**Exercise description**
If a line in the entries below contains the word "user", it counts; report how many such lines there are, and only that number.

________

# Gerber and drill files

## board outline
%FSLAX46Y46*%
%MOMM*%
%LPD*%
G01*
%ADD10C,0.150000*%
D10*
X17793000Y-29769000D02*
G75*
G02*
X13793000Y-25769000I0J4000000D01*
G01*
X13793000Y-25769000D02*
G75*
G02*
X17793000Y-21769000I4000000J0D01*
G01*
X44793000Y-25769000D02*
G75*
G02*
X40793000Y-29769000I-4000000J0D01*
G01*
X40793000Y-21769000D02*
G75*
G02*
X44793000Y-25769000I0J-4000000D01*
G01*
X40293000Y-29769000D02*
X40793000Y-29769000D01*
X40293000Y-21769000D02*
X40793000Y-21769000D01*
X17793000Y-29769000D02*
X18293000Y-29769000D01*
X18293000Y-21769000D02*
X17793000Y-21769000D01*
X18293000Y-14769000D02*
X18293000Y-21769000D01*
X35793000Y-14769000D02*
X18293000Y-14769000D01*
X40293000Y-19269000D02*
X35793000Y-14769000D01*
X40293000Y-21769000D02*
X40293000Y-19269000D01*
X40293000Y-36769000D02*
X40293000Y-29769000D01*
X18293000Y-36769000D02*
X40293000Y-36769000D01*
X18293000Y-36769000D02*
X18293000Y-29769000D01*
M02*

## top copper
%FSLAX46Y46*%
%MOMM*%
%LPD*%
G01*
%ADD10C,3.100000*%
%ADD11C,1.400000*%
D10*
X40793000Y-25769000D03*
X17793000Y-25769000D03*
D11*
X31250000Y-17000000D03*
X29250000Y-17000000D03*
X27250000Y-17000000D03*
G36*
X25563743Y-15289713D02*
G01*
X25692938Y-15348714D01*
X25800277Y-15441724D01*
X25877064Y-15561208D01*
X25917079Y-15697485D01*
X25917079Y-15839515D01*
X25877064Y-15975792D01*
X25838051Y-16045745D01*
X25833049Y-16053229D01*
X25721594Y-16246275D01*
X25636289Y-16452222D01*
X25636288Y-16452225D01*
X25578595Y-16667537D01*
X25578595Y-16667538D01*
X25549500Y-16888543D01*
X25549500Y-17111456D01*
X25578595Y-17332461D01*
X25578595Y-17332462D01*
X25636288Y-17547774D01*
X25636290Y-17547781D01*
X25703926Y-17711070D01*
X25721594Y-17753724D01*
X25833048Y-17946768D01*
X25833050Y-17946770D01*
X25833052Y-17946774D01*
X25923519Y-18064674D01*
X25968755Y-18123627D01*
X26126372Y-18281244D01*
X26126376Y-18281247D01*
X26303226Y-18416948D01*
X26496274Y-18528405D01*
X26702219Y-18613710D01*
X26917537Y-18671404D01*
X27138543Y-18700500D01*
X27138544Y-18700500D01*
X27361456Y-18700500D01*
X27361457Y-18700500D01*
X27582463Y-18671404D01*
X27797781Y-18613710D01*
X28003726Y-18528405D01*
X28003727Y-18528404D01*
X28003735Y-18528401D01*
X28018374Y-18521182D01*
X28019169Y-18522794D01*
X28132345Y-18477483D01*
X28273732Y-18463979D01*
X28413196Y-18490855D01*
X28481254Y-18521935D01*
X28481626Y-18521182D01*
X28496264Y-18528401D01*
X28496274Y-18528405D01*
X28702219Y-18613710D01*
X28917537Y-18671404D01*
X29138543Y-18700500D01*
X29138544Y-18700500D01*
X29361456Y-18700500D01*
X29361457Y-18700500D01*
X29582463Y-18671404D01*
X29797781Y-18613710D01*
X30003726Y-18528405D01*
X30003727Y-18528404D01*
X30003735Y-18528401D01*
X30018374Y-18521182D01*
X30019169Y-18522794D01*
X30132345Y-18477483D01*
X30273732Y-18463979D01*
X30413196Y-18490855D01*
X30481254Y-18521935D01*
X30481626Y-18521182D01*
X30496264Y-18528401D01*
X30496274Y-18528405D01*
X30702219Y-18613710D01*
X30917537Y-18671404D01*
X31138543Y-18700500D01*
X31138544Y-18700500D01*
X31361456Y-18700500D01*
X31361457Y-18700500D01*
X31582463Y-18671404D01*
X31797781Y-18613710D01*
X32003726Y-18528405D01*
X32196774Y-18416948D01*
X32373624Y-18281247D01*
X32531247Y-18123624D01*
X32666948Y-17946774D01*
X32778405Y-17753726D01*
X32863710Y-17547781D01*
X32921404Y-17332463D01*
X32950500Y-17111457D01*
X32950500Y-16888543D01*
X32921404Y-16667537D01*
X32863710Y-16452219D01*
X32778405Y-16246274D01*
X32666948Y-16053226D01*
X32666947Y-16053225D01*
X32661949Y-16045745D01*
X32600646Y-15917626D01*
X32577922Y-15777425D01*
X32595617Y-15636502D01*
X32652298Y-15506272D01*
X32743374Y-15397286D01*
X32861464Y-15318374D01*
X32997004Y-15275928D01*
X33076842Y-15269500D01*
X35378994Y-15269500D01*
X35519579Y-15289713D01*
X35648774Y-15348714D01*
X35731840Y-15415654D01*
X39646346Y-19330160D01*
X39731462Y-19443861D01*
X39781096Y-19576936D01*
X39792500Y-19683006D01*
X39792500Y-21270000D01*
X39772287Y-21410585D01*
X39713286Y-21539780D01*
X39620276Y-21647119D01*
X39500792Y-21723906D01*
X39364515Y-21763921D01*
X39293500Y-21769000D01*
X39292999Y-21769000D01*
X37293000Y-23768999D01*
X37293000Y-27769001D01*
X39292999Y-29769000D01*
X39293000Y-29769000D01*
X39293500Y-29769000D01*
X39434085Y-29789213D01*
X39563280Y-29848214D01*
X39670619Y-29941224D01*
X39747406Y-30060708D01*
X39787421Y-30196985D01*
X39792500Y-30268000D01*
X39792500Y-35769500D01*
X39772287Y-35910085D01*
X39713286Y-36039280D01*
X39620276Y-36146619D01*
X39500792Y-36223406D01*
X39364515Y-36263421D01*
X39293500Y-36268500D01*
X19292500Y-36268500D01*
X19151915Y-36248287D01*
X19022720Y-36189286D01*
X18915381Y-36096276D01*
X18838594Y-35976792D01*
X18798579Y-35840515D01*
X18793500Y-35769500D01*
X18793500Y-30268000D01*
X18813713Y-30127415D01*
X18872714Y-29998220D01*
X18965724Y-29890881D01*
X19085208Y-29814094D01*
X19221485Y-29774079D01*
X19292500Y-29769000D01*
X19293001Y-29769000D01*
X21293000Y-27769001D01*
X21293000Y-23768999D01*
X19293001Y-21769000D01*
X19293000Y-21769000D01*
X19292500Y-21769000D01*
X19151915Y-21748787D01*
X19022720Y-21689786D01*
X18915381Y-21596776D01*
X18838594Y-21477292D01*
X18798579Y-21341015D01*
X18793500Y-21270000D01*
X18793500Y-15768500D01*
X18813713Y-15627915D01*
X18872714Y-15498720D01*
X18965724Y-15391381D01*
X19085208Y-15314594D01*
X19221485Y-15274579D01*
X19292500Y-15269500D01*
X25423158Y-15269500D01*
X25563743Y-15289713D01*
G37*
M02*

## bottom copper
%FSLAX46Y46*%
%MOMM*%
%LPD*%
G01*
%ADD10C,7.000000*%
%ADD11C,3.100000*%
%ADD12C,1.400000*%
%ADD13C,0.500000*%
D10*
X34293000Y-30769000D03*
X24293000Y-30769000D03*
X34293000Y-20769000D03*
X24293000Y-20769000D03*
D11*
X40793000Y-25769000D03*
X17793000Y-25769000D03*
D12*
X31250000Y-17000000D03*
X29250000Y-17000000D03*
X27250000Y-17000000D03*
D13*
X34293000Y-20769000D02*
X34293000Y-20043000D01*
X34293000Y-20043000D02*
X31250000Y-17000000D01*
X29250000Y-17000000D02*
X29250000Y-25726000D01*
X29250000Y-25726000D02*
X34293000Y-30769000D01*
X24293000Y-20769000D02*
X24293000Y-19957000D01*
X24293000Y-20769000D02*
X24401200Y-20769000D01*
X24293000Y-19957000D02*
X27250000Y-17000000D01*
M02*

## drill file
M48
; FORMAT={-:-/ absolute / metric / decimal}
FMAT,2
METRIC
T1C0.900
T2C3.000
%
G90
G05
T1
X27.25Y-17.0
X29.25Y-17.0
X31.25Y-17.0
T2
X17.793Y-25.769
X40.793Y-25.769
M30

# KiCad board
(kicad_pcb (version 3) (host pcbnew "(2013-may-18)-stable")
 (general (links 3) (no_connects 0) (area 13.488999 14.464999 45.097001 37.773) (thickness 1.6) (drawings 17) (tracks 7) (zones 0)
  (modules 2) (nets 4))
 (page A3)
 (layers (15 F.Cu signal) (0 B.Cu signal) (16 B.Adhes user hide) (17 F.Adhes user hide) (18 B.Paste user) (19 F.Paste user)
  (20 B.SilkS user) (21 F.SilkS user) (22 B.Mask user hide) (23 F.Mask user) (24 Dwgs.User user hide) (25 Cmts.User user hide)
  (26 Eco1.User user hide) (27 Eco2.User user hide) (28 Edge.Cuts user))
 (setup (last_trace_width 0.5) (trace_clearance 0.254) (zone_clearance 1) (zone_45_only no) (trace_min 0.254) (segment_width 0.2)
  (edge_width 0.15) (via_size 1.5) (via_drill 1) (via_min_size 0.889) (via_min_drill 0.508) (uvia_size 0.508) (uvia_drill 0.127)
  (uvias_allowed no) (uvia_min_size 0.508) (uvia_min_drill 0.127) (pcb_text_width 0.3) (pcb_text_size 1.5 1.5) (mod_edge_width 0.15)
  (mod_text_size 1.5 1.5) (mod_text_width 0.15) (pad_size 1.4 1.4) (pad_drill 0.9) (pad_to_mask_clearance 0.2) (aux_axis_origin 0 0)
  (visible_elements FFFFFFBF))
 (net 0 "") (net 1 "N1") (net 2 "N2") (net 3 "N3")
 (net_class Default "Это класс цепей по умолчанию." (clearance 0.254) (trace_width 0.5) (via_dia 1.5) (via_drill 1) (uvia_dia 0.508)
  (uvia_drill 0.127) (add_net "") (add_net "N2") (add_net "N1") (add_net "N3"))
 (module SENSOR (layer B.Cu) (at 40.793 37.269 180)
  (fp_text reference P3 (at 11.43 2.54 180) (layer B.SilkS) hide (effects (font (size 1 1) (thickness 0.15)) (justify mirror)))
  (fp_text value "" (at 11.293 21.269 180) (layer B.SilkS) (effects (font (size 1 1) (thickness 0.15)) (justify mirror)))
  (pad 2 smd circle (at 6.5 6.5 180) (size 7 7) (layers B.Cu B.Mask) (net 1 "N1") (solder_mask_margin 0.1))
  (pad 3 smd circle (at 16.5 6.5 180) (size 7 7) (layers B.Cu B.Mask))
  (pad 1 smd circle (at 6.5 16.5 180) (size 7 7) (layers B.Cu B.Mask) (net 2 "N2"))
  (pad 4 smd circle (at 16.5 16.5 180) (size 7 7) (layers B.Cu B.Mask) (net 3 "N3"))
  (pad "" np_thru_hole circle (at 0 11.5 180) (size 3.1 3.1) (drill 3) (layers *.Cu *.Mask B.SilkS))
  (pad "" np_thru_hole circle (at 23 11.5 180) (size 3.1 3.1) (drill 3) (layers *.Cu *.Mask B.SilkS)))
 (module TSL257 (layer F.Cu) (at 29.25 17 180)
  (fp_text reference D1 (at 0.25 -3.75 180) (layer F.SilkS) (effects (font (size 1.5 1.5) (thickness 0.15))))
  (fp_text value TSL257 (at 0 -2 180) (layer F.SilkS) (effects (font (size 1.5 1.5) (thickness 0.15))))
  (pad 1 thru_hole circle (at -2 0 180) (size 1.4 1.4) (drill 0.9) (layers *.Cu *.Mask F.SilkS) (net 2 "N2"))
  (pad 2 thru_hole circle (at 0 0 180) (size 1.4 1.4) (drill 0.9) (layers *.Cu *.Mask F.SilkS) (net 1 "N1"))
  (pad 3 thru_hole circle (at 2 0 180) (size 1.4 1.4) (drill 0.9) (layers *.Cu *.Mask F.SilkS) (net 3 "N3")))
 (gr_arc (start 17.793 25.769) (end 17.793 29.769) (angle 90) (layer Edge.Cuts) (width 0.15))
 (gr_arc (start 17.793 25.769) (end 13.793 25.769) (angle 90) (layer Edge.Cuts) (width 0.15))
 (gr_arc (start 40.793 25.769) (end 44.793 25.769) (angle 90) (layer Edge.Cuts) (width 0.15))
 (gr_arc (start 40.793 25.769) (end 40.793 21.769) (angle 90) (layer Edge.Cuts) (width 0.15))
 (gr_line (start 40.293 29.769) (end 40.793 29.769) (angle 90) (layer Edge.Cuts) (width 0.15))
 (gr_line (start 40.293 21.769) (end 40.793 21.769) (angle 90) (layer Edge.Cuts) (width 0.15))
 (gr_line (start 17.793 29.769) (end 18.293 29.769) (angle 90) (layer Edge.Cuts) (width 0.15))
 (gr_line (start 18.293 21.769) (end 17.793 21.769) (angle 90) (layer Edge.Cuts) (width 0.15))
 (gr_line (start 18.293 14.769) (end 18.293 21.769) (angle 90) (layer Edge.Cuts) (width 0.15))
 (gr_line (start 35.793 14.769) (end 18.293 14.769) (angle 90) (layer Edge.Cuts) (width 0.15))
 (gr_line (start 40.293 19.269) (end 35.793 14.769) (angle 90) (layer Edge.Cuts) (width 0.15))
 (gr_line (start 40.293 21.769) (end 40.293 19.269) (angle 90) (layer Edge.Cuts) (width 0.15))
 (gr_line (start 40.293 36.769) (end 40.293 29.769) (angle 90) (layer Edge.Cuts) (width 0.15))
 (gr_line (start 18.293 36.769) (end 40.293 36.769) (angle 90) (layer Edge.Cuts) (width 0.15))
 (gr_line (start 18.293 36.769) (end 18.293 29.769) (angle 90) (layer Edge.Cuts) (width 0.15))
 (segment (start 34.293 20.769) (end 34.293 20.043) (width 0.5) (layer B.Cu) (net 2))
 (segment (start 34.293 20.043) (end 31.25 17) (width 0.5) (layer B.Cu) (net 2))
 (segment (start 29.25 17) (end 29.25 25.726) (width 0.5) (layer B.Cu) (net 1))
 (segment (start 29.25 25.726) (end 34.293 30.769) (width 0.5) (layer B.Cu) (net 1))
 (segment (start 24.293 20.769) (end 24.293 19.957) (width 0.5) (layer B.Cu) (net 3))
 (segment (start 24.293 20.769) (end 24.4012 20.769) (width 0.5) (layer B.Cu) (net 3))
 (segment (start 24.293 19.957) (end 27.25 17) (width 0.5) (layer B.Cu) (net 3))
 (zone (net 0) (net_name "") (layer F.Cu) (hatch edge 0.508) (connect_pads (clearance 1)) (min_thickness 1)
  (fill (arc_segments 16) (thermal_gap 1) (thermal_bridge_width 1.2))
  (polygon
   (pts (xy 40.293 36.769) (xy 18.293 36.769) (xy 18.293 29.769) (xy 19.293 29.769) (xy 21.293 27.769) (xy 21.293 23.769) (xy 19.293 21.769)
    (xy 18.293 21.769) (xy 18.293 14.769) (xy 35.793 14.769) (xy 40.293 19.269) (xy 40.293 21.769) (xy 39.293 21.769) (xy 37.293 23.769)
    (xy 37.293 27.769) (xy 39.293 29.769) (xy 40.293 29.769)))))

________

**Response area**
3